Exercise description: A single stretch of the material below is to be transcribed exactly, starting at the line with "X121206344Y-91599298D01*" and ending after the line with "X115750000Y-90184314D01*".

------------------------

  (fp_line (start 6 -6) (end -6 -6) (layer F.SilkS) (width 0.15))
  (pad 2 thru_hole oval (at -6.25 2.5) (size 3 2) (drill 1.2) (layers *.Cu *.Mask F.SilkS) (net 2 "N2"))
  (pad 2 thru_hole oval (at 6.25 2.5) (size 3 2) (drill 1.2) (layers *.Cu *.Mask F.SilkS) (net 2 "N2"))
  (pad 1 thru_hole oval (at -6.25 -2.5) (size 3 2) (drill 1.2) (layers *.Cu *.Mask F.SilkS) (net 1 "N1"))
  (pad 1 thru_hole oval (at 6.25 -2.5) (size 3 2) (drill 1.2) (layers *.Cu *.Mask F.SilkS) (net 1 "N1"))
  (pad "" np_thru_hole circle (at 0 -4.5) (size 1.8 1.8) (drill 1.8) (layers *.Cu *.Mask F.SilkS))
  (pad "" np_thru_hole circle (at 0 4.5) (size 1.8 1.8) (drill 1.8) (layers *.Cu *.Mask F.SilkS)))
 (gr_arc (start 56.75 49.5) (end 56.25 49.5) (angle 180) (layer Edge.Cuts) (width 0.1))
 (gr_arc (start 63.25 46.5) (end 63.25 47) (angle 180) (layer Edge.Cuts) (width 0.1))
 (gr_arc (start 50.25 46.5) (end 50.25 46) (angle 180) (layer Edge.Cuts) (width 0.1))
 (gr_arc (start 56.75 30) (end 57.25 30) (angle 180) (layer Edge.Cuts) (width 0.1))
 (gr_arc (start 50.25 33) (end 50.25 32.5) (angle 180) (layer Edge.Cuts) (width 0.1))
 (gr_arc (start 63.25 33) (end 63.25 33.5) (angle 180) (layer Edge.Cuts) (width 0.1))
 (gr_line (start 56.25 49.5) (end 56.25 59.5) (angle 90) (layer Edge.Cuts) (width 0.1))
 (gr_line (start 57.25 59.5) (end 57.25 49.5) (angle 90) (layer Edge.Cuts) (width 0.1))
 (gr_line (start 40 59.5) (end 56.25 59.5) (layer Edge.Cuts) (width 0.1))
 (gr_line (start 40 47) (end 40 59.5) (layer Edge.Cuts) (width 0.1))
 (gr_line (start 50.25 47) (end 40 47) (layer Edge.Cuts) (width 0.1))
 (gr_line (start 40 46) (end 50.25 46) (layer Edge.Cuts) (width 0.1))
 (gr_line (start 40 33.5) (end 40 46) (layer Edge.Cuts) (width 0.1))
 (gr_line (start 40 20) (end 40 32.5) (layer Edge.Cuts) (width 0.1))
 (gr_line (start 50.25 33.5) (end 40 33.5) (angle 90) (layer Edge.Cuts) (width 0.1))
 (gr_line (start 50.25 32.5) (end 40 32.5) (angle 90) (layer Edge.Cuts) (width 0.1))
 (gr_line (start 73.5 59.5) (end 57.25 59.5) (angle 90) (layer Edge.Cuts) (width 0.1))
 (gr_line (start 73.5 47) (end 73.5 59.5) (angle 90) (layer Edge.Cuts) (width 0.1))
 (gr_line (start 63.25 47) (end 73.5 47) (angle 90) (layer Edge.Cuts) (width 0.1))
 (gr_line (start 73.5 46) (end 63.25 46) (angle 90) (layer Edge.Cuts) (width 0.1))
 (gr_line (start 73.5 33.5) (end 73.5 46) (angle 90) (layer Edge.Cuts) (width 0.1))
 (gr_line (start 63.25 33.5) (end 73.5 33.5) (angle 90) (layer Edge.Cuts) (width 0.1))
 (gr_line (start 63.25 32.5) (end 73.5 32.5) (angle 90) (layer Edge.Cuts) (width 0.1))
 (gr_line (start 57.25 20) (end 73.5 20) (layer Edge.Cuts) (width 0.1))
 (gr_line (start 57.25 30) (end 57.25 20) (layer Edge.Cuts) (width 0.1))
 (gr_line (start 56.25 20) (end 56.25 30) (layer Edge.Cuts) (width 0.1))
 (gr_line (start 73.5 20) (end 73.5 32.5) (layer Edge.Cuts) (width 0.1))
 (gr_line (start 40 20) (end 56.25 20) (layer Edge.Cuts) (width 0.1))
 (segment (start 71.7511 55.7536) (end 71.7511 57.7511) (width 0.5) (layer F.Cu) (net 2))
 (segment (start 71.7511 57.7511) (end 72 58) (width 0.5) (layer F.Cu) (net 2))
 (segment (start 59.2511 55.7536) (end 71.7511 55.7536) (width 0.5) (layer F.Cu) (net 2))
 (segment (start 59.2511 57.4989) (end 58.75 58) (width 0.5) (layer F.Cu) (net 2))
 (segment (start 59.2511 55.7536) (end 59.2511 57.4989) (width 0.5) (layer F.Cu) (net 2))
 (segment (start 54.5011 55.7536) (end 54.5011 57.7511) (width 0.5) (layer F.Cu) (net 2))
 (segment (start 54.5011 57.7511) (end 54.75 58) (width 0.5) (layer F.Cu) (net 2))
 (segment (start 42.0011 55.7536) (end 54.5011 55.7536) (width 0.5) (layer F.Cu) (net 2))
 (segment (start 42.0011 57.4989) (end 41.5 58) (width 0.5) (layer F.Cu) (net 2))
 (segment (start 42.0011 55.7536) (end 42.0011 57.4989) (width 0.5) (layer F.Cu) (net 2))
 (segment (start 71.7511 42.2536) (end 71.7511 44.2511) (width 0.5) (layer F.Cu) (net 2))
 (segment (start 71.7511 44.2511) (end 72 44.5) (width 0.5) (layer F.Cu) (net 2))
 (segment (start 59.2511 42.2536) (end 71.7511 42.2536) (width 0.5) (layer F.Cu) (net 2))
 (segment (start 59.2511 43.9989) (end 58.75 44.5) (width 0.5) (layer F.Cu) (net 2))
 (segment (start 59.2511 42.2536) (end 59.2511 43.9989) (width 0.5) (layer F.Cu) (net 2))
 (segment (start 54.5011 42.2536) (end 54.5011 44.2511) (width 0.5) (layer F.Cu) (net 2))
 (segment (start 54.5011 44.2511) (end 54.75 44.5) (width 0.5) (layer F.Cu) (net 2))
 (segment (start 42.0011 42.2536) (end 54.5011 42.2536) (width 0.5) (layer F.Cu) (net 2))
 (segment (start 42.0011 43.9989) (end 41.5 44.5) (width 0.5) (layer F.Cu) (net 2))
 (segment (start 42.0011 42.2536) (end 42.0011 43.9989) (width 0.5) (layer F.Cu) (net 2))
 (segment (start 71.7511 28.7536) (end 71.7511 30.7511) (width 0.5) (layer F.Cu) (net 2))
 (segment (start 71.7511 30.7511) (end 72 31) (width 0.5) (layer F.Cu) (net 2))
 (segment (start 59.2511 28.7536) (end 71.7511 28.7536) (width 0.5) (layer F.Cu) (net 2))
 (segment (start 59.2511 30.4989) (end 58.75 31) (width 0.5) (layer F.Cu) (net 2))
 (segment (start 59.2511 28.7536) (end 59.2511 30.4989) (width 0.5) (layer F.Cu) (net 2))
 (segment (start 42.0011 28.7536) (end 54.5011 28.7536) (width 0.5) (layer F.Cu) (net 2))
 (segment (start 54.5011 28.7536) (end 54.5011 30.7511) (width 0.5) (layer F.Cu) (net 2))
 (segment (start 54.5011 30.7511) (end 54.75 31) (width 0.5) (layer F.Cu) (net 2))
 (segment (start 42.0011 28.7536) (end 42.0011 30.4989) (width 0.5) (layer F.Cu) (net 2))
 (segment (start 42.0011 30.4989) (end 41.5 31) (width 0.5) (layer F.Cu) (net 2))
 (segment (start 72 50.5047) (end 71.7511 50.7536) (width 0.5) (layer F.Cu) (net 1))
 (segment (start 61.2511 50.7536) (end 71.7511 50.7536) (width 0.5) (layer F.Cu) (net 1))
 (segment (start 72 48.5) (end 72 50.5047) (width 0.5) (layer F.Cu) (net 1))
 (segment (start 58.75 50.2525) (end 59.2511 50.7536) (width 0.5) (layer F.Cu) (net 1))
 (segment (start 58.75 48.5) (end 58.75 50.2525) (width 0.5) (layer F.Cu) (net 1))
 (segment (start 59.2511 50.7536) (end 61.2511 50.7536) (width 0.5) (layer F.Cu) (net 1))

------------------------

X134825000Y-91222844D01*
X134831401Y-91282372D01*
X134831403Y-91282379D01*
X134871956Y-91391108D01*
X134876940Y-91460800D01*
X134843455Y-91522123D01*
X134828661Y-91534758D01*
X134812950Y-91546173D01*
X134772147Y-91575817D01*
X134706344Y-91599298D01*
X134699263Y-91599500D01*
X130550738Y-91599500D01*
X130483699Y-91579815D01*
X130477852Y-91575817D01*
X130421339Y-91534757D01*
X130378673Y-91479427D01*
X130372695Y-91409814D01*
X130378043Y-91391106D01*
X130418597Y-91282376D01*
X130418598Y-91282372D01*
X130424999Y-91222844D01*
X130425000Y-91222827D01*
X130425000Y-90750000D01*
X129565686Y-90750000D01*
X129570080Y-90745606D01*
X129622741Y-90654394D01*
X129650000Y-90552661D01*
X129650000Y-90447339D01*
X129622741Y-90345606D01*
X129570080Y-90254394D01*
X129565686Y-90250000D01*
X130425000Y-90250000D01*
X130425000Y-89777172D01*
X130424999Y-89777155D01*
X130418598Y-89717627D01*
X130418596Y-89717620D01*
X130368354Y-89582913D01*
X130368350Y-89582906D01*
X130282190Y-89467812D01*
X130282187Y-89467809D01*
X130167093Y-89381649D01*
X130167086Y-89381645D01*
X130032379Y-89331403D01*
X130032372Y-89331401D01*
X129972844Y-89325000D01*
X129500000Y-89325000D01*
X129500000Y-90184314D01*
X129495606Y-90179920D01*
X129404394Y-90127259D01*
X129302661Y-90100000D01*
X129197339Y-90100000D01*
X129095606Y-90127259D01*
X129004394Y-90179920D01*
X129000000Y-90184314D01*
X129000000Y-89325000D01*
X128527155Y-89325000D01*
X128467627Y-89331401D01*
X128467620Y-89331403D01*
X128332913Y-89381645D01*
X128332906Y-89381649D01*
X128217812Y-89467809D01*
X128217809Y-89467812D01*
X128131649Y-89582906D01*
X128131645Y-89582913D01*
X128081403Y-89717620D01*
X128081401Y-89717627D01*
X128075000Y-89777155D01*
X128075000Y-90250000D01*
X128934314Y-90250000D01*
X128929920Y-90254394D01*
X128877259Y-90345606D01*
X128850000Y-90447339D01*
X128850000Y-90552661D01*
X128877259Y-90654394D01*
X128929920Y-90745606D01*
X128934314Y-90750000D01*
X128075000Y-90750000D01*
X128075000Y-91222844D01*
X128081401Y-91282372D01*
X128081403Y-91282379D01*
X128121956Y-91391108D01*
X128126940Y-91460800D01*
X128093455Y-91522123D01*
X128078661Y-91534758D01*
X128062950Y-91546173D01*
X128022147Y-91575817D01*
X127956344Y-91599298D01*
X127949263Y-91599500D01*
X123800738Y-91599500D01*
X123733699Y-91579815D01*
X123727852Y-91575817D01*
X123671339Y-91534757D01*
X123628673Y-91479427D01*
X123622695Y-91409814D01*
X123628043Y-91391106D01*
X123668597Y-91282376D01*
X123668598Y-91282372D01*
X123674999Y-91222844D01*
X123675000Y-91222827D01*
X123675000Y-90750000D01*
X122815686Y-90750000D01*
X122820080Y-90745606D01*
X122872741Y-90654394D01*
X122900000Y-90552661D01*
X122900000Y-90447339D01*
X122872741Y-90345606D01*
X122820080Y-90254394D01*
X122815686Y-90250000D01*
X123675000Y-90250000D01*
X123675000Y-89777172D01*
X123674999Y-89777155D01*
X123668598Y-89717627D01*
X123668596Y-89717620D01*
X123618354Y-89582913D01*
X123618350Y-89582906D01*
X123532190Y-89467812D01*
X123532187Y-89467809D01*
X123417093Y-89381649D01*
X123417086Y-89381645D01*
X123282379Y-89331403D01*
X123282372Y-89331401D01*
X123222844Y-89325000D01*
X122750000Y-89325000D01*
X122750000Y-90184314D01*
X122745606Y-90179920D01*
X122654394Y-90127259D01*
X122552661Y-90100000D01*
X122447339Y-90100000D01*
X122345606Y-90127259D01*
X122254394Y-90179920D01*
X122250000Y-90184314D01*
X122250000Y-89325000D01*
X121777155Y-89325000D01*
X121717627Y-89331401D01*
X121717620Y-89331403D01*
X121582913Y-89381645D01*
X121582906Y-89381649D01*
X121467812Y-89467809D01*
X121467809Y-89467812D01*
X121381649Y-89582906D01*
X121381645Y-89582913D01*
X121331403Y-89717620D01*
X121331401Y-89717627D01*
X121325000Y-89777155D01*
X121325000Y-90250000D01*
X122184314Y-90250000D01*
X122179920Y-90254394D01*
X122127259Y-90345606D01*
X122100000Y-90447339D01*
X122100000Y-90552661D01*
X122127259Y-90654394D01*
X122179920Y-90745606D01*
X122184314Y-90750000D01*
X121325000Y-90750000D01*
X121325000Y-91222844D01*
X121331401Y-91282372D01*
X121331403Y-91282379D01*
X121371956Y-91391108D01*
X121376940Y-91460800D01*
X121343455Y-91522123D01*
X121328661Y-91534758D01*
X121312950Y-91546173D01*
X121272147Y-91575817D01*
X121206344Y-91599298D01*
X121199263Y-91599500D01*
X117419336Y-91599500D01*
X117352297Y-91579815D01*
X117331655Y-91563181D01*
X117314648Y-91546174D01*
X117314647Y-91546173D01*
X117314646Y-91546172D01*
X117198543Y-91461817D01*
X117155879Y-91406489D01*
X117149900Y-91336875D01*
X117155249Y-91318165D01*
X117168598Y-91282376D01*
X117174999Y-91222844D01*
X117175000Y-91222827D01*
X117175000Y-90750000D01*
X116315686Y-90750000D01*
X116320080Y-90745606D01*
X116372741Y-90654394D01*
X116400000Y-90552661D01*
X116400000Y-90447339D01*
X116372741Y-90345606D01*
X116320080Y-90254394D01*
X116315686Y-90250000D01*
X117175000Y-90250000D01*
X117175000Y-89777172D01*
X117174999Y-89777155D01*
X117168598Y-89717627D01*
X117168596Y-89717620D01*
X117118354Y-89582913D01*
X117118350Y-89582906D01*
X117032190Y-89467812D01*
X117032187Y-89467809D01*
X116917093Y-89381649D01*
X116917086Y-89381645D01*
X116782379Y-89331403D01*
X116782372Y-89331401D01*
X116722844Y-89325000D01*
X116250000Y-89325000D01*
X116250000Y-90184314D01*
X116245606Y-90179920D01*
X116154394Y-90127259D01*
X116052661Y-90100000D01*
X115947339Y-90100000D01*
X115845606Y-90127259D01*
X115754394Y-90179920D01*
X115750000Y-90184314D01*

------------------------

Answer for this exercise:
X121206344Y-91599298D01*
X121199263Y-91599500D01*
X117419336Y-91599500D01*
X117352297Y-91579815D01*
X117331655Y-91563181D01*
X117314648Y-91546174D01*
X117314647Y-91546173D01*
X117314646Y-91546172D01*
X117198543Y-91461817D01*
X117155879Y-91406489D01*
X117149900Y-91336875D01*
X117155249Y-91318165D01*
X117168598Y-91282376D01*
X117174999Y-91222844D01*
X117175000Y-91222827D01*
X117175000Y-90750000D01*
X116315686Y-90750000D01*
X116320080Y-90745606D01*
X116372741Y-90654394D01*
X116400000Y-90552661D01*
X116400000Y-90447339D01*
X116372741Y-90345606D01*
X116320080Y-90254394D01*
X116315686Y-90250000D01*
X117175000Y-90250000D01*
X117175000Y-89777172D01*
X117174999Y-89777155D01*
X117168598Y-89717627D01*
X117168596Y-89717620D01*
X117118354Y-89582913D01*
X117118350Y-89582906D01*
X117032190Y-89467812D01*
X117032187Y-89467809D01*
X116917093Y-89381649D01*
X116917086Y-89381645D01*
X116782379Y-89331403D01*
X116782372Y-89331401D01*
X116722844Y-89325000D01*
X116250000Y-89325000D01*
X116250000Y-90184314D01*
X116245606Y-90179920D01*
X116154394Y-90127259D01*
X116052661Y-90100000D01*
X115947339Y-90100000D01*
X115845606Y-90127259D01*
X115754394Y-90179920D01*
X115750000Y-90184314D01*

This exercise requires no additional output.